Find the lines below that contain the string "CrtYd". Copy each one.

::: Records for this exercise

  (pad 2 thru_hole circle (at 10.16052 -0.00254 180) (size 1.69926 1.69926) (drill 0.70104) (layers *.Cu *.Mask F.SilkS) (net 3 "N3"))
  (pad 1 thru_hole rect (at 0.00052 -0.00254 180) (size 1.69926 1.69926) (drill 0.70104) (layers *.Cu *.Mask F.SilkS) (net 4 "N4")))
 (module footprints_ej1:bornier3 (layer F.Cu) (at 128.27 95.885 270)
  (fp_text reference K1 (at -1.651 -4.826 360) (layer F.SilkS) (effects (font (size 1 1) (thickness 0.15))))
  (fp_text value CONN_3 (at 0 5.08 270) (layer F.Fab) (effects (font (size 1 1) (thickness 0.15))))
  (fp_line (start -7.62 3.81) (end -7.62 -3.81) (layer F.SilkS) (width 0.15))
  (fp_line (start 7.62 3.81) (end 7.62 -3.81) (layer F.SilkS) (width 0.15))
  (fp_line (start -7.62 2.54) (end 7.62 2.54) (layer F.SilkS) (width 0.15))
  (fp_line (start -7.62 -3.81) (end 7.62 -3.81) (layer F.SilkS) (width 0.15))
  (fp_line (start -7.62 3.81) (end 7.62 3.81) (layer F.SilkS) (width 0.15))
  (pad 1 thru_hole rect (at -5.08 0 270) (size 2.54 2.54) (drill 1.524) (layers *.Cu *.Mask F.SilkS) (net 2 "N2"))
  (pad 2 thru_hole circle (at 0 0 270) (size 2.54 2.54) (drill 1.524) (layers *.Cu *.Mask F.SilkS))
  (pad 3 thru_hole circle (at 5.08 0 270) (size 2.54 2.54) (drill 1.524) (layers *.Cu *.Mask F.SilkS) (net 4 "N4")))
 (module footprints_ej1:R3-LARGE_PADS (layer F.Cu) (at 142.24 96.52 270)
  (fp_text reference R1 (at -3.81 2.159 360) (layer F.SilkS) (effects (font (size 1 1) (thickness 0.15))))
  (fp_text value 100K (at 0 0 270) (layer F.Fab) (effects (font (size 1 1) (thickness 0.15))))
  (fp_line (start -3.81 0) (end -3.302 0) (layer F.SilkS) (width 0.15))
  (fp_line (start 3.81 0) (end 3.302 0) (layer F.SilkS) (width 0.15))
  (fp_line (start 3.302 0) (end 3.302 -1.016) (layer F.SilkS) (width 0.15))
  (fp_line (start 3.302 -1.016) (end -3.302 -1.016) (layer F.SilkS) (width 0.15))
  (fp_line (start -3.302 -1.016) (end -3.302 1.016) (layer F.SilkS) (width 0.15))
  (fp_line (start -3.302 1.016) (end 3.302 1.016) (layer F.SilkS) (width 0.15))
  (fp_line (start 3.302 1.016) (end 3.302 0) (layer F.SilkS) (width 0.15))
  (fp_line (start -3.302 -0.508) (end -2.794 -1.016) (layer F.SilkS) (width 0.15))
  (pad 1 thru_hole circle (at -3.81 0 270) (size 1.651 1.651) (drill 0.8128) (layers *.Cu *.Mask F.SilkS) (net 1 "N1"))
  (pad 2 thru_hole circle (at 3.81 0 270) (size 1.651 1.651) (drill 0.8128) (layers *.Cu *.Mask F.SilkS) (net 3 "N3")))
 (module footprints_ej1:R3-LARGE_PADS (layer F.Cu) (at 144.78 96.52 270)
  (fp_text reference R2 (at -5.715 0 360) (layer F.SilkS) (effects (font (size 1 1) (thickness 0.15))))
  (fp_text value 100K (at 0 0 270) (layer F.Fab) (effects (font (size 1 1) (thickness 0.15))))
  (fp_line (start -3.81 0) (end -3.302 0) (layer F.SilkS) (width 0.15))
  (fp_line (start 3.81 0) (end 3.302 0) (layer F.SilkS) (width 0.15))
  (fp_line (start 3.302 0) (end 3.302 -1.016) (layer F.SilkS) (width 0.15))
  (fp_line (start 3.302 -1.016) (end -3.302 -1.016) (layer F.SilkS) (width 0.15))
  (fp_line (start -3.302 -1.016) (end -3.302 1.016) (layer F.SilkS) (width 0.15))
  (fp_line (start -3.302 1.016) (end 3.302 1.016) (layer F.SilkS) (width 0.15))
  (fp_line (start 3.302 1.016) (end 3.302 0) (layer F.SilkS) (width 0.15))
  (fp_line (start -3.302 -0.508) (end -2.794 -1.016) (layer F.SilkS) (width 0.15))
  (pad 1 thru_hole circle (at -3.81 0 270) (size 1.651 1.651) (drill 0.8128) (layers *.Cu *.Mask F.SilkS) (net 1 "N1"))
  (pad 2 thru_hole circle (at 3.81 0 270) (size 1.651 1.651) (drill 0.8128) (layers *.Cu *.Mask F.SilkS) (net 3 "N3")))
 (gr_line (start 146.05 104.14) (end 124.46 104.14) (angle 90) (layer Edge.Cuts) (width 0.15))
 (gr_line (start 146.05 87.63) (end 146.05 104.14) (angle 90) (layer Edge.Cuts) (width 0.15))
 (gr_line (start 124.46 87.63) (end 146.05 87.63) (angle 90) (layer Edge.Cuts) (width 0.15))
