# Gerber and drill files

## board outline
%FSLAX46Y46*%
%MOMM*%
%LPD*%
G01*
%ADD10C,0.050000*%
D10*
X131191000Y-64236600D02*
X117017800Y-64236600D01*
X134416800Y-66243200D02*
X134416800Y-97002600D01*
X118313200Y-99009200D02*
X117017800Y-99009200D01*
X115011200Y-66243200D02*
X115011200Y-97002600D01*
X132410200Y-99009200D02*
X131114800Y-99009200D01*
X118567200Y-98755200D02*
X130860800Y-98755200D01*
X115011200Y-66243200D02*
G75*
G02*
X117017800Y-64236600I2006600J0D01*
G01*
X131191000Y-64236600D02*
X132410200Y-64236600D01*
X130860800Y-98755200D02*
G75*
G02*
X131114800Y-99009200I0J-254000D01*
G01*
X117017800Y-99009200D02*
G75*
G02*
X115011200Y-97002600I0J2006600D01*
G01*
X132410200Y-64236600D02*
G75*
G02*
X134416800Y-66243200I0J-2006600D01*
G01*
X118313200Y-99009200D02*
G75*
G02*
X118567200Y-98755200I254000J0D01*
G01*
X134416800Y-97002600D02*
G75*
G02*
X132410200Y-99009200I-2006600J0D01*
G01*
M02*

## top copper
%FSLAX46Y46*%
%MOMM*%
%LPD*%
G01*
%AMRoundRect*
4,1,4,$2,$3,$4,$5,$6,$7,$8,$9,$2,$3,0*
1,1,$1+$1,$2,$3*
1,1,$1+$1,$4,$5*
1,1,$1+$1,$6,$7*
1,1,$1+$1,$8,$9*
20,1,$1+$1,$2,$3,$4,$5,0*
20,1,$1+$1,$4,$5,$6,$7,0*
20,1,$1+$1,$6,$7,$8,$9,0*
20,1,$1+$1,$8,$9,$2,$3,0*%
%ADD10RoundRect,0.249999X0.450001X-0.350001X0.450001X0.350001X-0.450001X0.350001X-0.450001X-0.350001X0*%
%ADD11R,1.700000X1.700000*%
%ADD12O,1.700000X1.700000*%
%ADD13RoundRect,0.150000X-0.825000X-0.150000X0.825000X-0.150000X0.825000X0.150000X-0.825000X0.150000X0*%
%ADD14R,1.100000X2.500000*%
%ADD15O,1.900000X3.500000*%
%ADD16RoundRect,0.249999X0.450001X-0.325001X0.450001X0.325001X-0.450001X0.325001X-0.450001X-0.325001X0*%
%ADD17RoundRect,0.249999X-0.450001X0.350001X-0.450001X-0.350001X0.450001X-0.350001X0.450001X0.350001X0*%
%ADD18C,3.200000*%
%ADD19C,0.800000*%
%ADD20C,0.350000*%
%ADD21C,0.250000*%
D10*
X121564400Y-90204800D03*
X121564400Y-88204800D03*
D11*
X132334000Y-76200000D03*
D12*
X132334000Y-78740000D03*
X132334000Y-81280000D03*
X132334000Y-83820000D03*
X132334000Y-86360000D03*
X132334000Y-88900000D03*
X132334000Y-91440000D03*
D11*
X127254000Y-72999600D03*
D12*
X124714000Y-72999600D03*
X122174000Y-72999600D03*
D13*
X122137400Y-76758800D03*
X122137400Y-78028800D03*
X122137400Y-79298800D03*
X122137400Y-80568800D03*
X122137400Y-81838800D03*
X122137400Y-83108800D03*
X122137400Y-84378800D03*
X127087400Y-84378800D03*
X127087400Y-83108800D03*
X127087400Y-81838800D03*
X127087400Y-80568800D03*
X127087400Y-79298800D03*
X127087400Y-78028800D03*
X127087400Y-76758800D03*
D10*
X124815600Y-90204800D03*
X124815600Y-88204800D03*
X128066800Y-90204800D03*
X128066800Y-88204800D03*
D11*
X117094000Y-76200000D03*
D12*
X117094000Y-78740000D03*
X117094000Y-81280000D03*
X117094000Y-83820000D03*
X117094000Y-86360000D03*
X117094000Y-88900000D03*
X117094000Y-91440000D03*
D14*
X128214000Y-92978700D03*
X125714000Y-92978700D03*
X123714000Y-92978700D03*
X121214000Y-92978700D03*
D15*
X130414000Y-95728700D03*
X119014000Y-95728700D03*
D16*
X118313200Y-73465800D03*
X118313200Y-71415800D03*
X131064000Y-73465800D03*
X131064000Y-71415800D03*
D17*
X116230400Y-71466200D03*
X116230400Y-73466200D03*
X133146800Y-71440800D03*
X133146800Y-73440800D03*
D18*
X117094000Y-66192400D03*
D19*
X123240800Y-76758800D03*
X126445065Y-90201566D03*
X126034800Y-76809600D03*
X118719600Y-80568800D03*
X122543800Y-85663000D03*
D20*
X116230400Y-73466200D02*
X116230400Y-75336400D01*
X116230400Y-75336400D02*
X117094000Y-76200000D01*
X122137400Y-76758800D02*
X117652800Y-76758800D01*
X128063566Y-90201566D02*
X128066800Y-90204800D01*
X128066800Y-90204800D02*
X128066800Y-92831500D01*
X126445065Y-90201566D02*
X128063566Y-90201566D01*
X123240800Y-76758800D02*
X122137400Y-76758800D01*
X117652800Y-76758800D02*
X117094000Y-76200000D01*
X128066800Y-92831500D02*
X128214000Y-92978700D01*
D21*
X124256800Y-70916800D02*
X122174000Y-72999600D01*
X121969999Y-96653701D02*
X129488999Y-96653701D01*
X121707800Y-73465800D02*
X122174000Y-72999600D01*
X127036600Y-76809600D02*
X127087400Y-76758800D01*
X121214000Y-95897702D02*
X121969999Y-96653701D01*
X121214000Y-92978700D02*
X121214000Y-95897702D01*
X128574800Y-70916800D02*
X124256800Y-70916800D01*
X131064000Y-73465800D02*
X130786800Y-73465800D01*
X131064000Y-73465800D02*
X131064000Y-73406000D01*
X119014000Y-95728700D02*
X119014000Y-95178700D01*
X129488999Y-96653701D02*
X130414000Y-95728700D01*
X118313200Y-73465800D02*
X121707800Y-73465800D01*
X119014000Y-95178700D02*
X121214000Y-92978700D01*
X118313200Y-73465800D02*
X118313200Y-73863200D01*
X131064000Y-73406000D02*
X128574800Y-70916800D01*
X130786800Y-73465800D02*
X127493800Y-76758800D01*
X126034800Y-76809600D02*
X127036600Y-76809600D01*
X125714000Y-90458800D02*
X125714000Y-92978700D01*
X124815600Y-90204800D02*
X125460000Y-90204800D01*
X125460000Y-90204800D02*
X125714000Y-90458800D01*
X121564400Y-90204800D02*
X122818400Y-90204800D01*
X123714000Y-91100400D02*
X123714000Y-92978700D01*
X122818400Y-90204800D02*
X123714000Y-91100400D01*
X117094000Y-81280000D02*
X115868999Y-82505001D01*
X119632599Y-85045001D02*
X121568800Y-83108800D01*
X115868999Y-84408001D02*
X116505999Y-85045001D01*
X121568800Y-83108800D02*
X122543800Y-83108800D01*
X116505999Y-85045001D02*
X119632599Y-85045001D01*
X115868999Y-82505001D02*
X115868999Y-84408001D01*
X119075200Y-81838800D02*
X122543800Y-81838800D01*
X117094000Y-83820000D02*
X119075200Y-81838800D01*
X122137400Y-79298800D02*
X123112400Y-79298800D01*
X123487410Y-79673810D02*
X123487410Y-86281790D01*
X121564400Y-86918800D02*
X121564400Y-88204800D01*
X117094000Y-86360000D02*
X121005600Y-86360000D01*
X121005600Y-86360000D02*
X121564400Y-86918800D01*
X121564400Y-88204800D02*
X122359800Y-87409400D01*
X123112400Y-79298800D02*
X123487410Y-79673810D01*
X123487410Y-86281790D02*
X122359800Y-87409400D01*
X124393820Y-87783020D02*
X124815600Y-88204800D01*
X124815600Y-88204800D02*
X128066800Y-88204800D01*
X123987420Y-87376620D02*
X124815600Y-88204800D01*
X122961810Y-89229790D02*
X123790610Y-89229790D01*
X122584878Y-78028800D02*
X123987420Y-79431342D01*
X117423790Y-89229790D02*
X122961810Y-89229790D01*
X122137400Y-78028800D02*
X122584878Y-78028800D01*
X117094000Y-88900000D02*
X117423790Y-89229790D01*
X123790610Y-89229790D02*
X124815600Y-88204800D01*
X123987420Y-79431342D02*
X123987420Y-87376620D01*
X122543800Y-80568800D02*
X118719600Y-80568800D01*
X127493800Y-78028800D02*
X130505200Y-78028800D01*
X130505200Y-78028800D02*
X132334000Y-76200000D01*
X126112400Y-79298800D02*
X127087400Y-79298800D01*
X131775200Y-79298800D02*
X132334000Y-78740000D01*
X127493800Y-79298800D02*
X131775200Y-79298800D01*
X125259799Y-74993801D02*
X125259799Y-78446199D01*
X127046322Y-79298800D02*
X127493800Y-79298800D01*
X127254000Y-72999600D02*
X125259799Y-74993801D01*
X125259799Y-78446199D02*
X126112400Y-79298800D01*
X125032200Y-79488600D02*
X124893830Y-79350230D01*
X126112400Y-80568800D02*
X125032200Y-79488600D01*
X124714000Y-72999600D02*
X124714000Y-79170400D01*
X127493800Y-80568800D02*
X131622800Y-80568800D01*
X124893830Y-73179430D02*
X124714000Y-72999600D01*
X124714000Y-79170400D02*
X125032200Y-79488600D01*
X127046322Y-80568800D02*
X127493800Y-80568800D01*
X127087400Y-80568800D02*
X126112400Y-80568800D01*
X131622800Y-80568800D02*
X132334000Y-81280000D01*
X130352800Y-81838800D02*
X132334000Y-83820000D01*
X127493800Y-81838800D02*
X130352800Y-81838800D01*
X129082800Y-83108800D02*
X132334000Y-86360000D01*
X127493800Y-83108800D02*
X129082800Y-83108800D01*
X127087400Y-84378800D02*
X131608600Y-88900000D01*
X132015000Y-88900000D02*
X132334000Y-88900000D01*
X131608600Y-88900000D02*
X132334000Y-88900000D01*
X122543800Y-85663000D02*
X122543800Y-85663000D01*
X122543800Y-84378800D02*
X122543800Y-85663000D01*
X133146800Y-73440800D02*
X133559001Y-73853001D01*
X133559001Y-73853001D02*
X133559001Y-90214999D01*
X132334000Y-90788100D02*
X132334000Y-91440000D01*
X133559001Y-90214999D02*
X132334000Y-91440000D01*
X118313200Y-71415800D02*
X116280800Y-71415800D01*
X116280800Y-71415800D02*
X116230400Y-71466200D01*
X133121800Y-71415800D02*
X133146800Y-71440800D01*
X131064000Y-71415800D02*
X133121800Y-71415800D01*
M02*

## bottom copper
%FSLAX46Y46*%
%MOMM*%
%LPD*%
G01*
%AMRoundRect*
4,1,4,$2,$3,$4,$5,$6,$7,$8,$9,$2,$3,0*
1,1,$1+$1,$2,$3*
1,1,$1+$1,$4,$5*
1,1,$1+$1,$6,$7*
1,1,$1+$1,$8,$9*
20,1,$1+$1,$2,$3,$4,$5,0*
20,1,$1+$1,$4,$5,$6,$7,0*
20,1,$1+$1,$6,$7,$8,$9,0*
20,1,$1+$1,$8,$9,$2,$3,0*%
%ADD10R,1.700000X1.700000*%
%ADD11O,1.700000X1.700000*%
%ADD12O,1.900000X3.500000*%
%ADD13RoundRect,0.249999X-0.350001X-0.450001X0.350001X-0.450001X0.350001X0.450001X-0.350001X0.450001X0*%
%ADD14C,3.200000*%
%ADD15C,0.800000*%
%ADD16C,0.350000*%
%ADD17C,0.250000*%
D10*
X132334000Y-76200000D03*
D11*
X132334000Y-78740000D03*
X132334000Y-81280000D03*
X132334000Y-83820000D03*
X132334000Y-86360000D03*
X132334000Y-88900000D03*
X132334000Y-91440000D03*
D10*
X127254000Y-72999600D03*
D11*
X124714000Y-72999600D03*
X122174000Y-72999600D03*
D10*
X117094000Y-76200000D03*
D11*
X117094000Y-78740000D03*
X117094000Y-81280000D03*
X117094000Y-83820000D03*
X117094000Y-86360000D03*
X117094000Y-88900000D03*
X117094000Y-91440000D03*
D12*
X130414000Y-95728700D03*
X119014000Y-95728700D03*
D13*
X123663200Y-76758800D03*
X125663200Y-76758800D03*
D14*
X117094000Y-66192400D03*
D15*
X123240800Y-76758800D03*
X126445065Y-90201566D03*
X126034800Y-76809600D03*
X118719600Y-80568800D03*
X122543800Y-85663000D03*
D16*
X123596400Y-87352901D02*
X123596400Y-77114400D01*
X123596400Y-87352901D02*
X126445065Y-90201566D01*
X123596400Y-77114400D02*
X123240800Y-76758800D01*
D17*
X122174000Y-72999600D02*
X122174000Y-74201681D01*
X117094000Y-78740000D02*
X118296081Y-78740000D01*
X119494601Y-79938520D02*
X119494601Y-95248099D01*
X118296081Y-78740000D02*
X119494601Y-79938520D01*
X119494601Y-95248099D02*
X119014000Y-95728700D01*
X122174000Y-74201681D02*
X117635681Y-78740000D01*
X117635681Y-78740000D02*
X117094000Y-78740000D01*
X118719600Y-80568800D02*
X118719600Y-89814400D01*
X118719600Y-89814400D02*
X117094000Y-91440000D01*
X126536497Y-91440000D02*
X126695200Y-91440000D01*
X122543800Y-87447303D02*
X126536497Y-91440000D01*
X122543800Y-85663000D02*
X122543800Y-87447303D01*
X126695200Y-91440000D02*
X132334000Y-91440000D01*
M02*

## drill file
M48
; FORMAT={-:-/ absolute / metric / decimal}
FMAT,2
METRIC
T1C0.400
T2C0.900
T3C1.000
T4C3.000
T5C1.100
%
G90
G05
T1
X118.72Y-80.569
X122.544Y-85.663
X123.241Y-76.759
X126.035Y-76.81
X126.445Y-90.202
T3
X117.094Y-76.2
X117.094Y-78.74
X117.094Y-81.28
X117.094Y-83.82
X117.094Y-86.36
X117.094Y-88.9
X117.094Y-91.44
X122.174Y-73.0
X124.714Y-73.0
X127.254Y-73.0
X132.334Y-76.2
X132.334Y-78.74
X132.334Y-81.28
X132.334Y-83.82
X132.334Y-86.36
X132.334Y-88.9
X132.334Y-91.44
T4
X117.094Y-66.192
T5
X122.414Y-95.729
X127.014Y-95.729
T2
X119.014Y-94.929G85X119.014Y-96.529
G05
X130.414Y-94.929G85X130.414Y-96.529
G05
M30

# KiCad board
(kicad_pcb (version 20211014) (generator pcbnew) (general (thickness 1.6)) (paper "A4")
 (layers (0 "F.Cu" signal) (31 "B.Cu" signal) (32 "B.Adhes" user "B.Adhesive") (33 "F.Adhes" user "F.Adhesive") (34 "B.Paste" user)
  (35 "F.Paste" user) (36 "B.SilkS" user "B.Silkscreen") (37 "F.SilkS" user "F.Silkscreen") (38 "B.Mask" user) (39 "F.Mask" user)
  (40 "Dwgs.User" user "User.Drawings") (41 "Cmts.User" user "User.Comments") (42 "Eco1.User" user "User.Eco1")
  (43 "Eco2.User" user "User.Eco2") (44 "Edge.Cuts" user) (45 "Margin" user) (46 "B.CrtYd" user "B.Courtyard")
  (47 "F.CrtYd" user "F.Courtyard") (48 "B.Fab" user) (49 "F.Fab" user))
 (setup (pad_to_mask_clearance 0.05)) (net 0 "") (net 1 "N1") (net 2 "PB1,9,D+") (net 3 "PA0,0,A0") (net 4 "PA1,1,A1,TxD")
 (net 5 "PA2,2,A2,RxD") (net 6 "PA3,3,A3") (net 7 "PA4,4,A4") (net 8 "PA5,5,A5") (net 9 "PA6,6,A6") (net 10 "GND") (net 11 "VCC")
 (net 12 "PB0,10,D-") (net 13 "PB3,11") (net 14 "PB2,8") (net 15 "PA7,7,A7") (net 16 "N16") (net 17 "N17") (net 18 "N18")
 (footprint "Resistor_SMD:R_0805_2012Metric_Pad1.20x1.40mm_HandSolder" (layer "F.Cu") (at 121.5644 89.2048 90)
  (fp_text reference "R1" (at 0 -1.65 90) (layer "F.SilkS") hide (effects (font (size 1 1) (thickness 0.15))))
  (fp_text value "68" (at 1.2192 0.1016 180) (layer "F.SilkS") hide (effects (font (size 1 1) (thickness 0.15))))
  (pad "1" smd roundrect locked (at -1 0 90) (size 1.2 1.4) (layers "F.Cu" "F.Paste" "F.Mask") (roundrect_rratio 0.2083325) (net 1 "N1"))
  (pad "2" smd roundrect locked (at 1 0 90) (size 1.2 1.4) (layers "F.Cu" "F.Paste" "F.Mask") (roundrect_rratio 0.2083325)
   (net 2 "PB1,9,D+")))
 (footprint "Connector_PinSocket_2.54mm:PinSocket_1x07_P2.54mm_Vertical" (layer "F.Cu") (at 132.334 76.2)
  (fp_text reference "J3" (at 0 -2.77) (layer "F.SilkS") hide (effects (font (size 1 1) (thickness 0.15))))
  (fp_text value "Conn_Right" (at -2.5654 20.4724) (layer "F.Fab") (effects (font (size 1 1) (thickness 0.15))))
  (pad "1" thru_hole rect locked (at 0 0) (size 1.7 1.7) (drill 1) (layers *.Cu *.Mask) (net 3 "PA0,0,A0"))
  (pad "2" thru_hole oval locked (at 0 2.54) (size 1.7 1.7) (drill 1) (layers *.Cu *.Mask) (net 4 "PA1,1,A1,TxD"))
  (pad "3" thru_hole oval locked (at 0 5.08) (size 1.7 1.7) (drill 1) (layers *.Cu *.Mask) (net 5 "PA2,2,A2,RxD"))
  (pad "4" thru_hole oval locked (at 0 7.62) (size 1.7 1.7) (drill 1) (layers *.Cu *.Mask) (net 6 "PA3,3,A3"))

::::::

Response below –
  (43 "Eco2.User" user "User.Eco2") (44 "Edge.Cuts" user) (45 "Margin" user) (46 "B.CrtYd" user "B.Courtyard")
  (47 "F.CrtYd" user "F.Courtyard") (48 "B.Fab" user) (49 "F.Fab" user))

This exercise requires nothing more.